# falcon 2 problemas and modifications



## amayumi (May 31, 2013)

dear sirs

my falcon arrived and i start to shoot it.

its a good slingshot and i am happy with it.

but some problems arises and i am here to obtain some help.

1) the wrist band: its narrow and stiif. but i did like TEX and make it wider, using a baby sock to cover the band.

2) i noticed some roughness that can harm the rubber. As TEX, i did file it too.

3) the rubber bands starts to bend over itself inside the pouch slot, forcing me to remove the pouch ends cover, straight the rubber, realign it and them recover the slot.

this problem occurs a lot, and it take much time to fix.

would anyone give some help?

i am starting to think that would be better to change the original pouch or, i dont know, to fix the rubber with a small rubber strip, wrapped over it, like in leather pouches.

any hint?

thanks a lot!


----------



## Imperial (Feb 9, 2011)

are you using tubes ? if so try this thread- http://slingshotforum.com/topic/3891-preventing-trumark-pouch-curl-from-red-bands/?p=39426


----------



## treefork (Feb 1, 2010)

Maybe drop Tex a PM if he doesn't see this post. He knows those Falcon slingshots and can help you with your falcon problem.


----------



## Dr J (Apr 22, 2013)

Good advice!


----------



## studer1972 (Mar 17, 2013)

My Falcon II has the same problems with the pouch attachment. I really like the Saunders' pouch, but that is a major irritant. I haven't had the other two issues. If the brackets on the sides of the pouch were a little bigger, it would be easier to correct.

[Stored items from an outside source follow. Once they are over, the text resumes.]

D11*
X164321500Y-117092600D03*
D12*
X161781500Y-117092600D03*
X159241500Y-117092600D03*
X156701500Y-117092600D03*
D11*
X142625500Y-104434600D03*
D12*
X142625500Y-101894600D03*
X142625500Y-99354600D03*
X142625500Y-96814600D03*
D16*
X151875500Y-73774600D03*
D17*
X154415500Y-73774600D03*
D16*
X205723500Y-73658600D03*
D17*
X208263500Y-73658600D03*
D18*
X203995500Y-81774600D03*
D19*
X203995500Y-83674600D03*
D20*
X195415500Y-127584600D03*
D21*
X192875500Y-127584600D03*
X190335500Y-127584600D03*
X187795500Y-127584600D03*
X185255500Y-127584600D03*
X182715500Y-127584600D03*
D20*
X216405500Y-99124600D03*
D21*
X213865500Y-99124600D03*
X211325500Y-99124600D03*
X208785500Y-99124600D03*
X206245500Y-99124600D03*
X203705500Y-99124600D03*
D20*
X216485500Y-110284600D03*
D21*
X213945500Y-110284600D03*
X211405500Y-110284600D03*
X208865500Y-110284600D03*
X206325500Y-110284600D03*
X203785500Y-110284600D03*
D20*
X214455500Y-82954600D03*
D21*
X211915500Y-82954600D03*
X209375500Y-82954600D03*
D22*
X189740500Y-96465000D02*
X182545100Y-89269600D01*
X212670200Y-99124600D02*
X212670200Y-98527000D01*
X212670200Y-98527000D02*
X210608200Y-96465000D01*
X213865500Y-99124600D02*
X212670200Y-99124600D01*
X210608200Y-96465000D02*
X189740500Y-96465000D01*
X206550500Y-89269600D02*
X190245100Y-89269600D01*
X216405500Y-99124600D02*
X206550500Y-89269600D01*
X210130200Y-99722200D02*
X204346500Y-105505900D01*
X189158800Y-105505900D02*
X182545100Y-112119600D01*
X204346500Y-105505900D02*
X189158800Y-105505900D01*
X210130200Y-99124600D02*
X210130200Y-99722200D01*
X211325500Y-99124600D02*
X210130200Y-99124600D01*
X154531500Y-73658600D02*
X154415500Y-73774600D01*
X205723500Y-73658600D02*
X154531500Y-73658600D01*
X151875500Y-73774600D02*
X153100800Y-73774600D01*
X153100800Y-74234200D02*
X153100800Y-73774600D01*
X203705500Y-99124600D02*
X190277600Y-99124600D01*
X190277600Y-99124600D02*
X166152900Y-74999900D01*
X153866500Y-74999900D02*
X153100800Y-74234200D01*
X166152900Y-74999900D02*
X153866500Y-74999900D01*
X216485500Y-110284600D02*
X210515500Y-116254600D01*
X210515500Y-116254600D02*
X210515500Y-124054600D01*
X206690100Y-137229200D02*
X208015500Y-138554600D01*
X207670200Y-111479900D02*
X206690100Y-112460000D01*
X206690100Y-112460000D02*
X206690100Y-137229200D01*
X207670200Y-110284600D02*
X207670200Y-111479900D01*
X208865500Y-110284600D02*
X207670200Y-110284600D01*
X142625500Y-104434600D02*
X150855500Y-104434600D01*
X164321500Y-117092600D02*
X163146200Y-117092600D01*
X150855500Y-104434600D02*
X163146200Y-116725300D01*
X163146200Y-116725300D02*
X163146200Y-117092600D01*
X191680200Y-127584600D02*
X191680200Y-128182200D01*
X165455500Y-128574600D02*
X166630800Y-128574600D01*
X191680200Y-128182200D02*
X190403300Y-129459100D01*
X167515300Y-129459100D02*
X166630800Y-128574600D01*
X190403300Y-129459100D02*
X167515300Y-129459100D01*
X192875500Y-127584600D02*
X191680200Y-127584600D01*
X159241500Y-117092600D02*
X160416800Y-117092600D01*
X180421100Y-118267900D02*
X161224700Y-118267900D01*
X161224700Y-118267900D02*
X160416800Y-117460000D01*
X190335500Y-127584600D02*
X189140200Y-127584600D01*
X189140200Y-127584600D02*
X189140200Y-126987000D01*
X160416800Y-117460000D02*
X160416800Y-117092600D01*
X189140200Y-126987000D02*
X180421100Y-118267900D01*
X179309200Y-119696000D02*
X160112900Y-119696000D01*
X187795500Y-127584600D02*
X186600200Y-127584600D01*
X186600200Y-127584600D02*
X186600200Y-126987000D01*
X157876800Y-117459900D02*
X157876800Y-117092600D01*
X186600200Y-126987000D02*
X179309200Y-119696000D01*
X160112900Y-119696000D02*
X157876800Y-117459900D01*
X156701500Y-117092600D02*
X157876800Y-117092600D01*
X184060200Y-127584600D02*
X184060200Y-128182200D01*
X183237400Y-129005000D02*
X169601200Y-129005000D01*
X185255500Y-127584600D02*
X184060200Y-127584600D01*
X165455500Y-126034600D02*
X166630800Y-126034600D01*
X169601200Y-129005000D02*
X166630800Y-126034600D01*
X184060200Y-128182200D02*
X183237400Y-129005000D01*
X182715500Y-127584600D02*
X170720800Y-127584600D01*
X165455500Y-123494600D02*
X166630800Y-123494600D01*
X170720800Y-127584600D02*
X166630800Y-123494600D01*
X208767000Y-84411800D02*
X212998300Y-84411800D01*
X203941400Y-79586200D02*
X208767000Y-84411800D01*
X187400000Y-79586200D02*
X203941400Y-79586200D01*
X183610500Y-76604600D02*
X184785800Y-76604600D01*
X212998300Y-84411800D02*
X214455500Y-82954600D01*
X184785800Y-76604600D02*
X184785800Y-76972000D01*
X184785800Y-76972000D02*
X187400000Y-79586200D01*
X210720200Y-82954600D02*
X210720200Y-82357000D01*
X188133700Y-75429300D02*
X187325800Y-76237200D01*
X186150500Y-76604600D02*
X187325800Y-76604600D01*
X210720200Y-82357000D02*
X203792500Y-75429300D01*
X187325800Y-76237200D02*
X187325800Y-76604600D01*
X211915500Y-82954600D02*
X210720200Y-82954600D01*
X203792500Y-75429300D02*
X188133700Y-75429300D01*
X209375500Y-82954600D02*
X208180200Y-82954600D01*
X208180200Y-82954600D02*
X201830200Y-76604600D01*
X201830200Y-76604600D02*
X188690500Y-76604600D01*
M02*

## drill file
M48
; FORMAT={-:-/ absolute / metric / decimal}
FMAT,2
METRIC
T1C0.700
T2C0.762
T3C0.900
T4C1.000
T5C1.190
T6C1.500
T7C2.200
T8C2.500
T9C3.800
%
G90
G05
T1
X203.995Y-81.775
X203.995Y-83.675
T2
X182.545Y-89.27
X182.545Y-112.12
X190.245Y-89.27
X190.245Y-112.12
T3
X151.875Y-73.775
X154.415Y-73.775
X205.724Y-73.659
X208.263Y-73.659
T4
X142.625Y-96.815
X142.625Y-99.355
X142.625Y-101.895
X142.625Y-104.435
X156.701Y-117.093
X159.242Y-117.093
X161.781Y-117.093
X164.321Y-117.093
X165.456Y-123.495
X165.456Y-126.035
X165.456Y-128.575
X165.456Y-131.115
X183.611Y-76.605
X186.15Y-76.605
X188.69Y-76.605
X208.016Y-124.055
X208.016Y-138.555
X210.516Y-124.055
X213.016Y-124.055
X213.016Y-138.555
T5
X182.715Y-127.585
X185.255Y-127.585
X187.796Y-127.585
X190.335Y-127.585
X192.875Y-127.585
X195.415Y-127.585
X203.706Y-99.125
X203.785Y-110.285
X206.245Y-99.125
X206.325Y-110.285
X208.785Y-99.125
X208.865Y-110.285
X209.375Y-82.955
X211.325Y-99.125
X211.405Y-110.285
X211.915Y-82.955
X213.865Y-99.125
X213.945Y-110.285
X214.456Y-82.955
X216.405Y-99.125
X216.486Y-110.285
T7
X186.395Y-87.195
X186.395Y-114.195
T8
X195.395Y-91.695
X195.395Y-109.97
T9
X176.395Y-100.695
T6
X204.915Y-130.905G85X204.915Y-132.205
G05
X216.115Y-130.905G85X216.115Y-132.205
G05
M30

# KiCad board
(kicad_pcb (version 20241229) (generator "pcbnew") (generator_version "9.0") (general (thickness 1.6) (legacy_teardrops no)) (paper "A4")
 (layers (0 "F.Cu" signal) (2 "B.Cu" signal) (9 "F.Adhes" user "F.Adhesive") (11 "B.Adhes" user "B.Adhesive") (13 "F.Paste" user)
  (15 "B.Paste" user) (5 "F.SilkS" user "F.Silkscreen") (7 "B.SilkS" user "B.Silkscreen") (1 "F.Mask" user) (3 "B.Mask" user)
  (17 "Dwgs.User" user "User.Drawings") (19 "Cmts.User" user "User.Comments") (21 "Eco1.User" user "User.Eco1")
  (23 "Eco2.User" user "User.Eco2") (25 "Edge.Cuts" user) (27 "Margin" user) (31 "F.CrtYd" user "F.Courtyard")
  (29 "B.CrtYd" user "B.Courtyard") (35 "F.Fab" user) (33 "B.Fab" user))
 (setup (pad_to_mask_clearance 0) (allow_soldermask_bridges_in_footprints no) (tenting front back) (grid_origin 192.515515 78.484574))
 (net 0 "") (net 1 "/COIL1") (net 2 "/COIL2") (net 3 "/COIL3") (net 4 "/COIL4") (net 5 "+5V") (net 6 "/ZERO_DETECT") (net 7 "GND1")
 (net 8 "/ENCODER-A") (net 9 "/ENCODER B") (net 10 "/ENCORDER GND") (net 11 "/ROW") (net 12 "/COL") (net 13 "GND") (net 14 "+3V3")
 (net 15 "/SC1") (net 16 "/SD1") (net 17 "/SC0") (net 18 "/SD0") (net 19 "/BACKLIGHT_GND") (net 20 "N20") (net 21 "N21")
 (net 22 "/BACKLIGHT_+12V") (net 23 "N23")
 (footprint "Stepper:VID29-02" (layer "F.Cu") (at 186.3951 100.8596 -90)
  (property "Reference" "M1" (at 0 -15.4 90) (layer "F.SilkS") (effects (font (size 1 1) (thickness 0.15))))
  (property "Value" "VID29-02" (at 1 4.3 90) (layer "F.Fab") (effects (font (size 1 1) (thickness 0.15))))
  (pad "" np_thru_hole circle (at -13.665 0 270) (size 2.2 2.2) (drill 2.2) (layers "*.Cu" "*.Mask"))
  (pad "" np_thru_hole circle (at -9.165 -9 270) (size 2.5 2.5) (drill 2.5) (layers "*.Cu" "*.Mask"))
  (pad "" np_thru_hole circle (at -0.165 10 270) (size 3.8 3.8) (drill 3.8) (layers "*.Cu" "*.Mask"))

Can you elaborate on what you mean about adding rubber to the pouch attachment, please?


----------



## Samurai Samoht (Apr 6, 2013)

I liked the Saunders pouch on the Black Mamba bands (double flats ) that I got, but I had the same problem with the bands folding over and migrating where they feed through the pouch. I didn't like how it created uneven bands. In the end I used an entirely different pouch to solve this. I tied rubber strips by the pouch to keep the bands from migrating. It worked out well since I like shooting various sizes of ball bearing and the stock pouch is more exclusive to 50 cal. Its worth a try to fasten the original pouch using rubber strips like you mentioned though.


----------



## sickste (Jan 15, 2014)

I emailed chuck at Saunders about this and he advised me to glue with rubber cement the first 1cm of band next to the pouch, I used silicone sealant instead of rubber cement and that seems to have done the trick. I've had no problems with bands folding in the pouch clip since i did this a couple of hundred shots ago.


----------



## studer1972 (Mar 17, 2013)

Thanks for the tip, sickste!


----------